PISCES

Up to 20% of patients who have undergone lumbar spinal surgery experience new or persistent back/leg pain, leading to reduced functionality and quality of life. This condition is known as persistent spinal pain syndrome type 2 (PSPS2). SCS is an established and safe minimally invasive treatment for PSPS2 when no further surgery is indicated and conservative therapies have been found to be ineffective.

However, current evidence for the effectiveness of SCS therapy is based on studies comparing different forms of stimulation and studies comparing SCS with conventional medical management. Sham-controlled studies, comparing active and sham stimulation, were lacking until recently as traditional stimulation methods relied on the patient feeling the stimulation (i.e., paresthesia).

Technological advances have led to the development of paresthesia-free (subthreshold) stimulation forms, which allows for the execution of sham-controlled studies. A recent study showing no significant difference in long-term effectiveness between SCS and sham stimulation suffers from significant methodological shortcomings. This necessitates further sham-controlled studies to determine if SCS is an adequate treatment for PSPS2.

The aim of the PISCES study is to evaluate the long-term effectiveness of SCS by comparing a paresthesia-free form of stimulation that the patient does not feel, with sham stimulation in which no stimulation is given. The study will focus on patients with treatment-resistant leg pain after lumbar spine surgery (persistent spinal pain syndrome type 2, PSPS2), which is the most common patient group treated with spinal cord stimulation. The data documented within the PISCES study may support the evidence for spinal cord stimulation as an effective and cost-efficient long-term treatment for PSPS2.

According to standard clinical practice, research participants are implanted with electrode(s) during an initial surgery, which are inserted into the epidural space posterior to the spinal cord dorsal columns, with the aim of obtaining the best possible coverage of the painful area. Subsequently, patients undergo a trial phase of 2 weeks with an external Boston Alpha Prime battery providing subthreshold stimulation that the patient does not feel. In patients with adequate pain relief (>50% pain reduction) after the trial period, a permanent battery is placed under the skin and will be connected to the electrode(s). Patients will then be randomized into either the subthreshold stimulation or sham (inactive) stimulation group. Subsequently, subjects will undergo a four-week period where patients can recover from their surgery (wound pain) and where stimulation settings will be optimized. After the optimization period, patients will enter either group 1 (active stimulation) or group 2 (sham stimulation). After 3 months, patients will switch to the other group according to a crossover design where they will receive the other stimulation form until the 6-month follow-up. Then, patients can choose to switch to the group with the stimulation they found most effective, while remaining in that respective group until the end of the study. Patients will be aware that they will receive two different stimulation forms and will be informed that one of the stimulation forms is in fact placebo stimulation. Both the physician who implanted the system and the patient will be unaware of the stimulation form received (a double-blind design) during the entire study period. Activation/deactivation and reprogramming of the stimulation will be performed by a research nurse, who is the only one aware of which group the patient belongs to.
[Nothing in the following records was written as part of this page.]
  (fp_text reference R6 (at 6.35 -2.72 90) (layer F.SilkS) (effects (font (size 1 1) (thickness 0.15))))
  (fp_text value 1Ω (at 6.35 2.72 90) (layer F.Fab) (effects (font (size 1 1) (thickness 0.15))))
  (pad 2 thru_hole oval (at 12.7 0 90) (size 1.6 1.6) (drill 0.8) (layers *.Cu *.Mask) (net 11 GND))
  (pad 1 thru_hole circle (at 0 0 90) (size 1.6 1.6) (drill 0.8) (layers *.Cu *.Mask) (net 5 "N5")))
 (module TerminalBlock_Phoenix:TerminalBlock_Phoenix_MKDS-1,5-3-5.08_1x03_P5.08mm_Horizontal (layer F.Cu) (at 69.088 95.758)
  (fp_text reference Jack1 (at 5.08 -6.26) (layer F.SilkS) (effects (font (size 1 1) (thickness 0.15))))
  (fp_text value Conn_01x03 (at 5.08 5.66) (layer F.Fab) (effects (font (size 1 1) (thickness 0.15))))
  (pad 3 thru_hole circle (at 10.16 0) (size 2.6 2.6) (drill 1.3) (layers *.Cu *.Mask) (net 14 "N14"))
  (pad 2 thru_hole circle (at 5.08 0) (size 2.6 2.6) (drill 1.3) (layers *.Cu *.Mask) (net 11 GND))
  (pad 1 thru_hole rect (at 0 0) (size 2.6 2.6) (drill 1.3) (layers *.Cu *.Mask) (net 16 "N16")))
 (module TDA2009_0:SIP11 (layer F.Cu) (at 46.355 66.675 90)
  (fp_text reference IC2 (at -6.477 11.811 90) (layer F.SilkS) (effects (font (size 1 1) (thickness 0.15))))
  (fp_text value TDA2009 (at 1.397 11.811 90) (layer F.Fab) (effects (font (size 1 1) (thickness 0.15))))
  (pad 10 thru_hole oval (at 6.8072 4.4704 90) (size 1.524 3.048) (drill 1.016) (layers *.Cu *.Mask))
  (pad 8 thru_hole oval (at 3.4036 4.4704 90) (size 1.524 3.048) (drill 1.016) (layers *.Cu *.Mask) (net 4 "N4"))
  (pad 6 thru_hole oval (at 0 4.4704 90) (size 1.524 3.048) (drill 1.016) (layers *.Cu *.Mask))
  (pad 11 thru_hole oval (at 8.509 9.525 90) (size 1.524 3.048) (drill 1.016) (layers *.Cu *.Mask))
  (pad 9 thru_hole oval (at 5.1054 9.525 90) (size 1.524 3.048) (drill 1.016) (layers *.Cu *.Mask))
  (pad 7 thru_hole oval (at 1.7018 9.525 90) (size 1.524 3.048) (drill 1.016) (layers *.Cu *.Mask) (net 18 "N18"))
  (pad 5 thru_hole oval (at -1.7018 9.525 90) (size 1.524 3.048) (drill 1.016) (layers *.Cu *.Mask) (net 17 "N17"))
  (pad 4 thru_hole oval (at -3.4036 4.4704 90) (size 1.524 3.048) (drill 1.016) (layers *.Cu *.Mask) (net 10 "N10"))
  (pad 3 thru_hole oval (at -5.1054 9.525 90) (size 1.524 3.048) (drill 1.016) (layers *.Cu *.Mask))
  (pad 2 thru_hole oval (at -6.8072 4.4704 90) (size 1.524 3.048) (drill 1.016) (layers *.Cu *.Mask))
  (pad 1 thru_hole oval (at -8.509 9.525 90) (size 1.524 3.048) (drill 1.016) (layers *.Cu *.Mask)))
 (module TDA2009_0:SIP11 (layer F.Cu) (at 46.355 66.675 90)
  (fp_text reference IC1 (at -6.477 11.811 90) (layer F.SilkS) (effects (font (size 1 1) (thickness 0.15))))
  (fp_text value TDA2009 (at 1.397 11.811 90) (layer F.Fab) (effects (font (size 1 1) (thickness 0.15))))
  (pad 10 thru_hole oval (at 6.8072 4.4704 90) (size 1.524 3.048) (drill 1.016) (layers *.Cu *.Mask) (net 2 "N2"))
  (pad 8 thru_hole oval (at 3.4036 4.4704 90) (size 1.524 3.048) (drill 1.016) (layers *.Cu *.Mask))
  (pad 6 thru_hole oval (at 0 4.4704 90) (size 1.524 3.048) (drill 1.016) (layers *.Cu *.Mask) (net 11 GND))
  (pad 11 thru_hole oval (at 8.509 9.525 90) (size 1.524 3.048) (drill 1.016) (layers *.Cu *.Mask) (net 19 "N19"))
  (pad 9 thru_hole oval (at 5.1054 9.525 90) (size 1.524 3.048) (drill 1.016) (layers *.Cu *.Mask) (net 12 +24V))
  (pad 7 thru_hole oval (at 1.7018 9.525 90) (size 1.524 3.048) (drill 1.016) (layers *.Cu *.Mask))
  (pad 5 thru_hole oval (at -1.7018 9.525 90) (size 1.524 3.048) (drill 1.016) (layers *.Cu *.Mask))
There are two intervention groups: treatment with subthreshold stimulation or sham (inactive) stimulation.

Specifically for this study, patients are asked to complete a number of questionnaires before surgery (baseline) and at 3, 6, and 12 months after the optimization period. These are questionnaires that are also (partly) used as standard at the Rijnstate Hospital, taking approximately 20 minutes to complete. Study participants will receive placebo (inactive) stimulation for a period of 3 months. Treatment with placebo stimulation may be associated with suboptimal pain relief. This risk is to a large extend offset by the possibility for patients to decide at any time, but after testing the stimulation form for at least 1 week due to the carryover effect, to prematurely switch to the other stimulation group to receive the other stimulation form. The patient can also at any time decide to switch back to the previous stimulation group after testing the stimulation form at least 1 additional week. 
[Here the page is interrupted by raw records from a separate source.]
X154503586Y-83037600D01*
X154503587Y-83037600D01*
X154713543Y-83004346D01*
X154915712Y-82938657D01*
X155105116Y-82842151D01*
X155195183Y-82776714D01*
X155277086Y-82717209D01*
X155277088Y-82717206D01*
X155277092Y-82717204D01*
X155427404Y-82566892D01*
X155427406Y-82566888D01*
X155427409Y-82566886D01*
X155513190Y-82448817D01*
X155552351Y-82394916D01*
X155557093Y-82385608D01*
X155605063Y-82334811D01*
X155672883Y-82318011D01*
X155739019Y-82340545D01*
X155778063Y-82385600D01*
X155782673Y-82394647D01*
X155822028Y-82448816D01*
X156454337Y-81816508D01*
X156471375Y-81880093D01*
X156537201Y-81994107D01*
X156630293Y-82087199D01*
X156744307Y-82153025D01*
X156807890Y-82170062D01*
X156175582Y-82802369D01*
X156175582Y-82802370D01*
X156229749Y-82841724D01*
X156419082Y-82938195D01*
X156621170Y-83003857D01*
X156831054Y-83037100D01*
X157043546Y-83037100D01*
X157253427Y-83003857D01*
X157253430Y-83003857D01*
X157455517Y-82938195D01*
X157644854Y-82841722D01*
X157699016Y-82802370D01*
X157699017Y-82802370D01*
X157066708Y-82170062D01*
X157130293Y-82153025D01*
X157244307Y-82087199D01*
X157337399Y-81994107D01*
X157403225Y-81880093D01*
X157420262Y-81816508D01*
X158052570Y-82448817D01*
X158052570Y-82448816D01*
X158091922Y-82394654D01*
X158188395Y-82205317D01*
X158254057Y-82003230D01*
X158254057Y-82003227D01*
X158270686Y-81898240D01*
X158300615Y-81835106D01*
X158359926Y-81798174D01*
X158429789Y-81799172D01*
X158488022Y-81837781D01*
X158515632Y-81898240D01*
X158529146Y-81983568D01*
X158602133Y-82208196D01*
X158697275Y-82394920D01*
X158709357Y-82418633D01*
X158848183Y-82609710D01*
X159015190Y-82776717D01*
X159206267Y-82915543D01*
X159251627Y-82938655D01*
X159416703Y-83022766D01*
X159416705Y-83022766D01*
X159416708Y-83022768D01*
We do not anticipate any additional risks, complications, and/or side effects beyond the regular risks and side effects associated with the implantation of a spinal cord stimulation system.
These risks include:

Possible allergic skin rash or a local hematoma at the injection site are side effects of spinal cord neurostimulation. There is a very small chance of epidural bleeding (not higher than with any form of regional anesthesia) and risk of system infection. In general, infection occurs in 2% of implanted patients at Rijnstate Hospital. These are usually superficial skin infections, but attention should be paid to deeper infections. Therefore, patients routinely receive preoperative prophylactic antibiotics and are informed about infection symptoms (pain, redness, fever, stiff neck). At the start of treatment, patients are contacted twice a week by the pain center regarding possible infection or meningitis symptoms.